This repository contains the official code for the paper "Towards Semantic Query Engines: Finding a Common Ground". The current version aims to experiment with three LLM-based Semantic Query Engines (SQEs) -Lotus, Palimpzest, BlendSQL- and one SLM-based engine. We evaluate these systems over a unified setting of 18 newly designed queries. We manually scrapted all the scripts for creating the corresponding queries for each LLM-based system. For the ELEET system, we include only the evaluation scripts, as we utilized its official implementation for the query execution.
Deep learning has enabled semantic operations opening the door to querying heterogeneous data far beyond the limits of classical relational systems. A growing set of Semantic Query Engines (SQEs) integrates these capabilities, but the landscape remains fragmented, lacking shared operator definitions, architectural patterns, and comparable evaluation. This paper provides the first systematic analysis of SQEs across semantic operator classes, query capabilities, and system architectures. We introduce taxonomies for semantic operators and SQE query expressiveness, and develop operator comparison graphs to characterize operator substitutability across systems. Our empirical study across representative SQEs reveals fundamental challenges and gaps laying the groundwork for more coherent and interoperable next-generation SQEs.

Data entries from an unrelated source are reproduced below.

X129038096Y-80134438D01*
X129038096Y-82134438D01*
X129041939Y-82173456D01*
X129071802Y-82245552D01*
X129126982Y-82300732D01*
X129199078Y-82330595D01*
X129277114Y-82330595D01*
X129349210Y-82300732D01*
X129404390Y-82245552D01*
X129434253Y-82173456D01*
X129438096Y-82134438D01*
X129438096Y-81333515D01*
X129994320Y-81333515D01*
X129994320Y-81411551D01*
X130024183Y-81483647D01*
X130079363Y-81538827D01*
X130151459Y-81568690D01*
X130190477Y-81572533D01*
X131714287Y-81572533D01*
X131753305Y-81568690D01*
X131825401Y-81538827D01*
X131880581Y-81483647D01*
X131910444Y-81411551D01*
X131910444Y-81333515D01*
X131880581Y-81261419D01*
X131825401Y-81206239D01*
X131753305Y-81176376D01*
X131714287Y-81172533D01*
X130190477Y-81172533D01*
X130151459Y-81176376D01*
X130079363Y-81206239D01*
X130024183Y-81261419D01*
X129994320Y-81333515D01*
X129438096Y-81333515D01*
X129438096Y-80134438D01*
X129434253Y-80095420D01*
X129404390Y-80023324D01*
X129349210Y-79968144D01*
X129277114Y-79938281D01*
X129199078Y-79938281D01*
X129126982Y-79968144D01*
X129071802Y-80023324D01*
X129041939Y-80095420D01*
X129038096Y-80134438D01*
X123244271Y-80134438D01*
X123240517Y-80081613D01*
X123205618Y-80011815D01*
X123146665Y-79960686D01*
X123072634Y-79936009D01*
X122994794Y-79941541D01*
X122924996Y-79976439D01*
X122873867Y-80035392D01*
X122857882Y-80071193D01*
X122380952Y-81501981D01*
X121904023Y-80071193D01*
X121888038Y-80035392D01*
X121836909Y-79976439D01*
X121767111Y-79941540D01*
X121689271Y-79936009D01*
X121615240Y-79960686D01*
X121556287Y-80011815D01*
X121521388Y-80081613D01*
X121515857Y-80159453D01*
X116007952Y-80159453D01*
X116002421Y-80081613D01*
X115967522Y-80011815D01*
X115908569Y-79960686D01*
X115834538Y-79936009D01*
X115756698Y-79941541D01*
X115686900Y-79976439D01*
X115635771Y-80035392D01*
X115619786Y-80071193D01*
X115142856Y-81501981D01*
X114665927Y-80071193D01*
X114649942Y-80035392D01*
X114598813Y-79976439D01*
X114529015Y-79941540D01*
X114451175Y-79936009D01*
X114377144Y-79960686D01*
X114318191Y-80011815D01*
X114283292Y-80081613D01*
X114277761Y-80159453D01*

All directories that are linked to a system are structured in a identical manner:
system/
├── environment.yml
└── queries/
└── <operation_class>/ # derivation, selection, join or aggregation
├── <query_name>/ # One of (Q1, Q2, ..., Q18)
└── <execution_script>.sh # Bash script for executing the query with multiple configurationsThe enviroment for each system is set up using Conda. Each system has its own environment.yml. To set up a system:
# Example for Lotus
cd lotus
conda env create -f environment.yml
conda activate lotus
Each directory corresponding to a semantic operation class includes a bash script as shown in the structure, which receives the LLM provider (vLLM or Ollama) along with the set of queries that will be executed (strict order), and executes both query and evaluation scripts with different input sizes. As of now, we have linked vLLM to the LLM that we used to report our measurements (i.e. Llama-3.3-70B-quantized.w8a8 from RedHatAI) and Ollama with the gemma3:12b, either with its default context window length or modified to 128.000 tokens (see the .Modfile). Note that all bash scripts must be executed from the root of the project.
Usage Example:
./lotus/queries/derivation/derivation_runs.sh vllm 1 3 6This command executes the Lotus implementation for queries Q1, Q3, and Q6 using RedHatAI/Llama-3.3-70b-quantized.w8a8 as the underlying model. Subsequently, it evaluates the outputs and saves logs to the statistics directory, recording both execution time and result quality.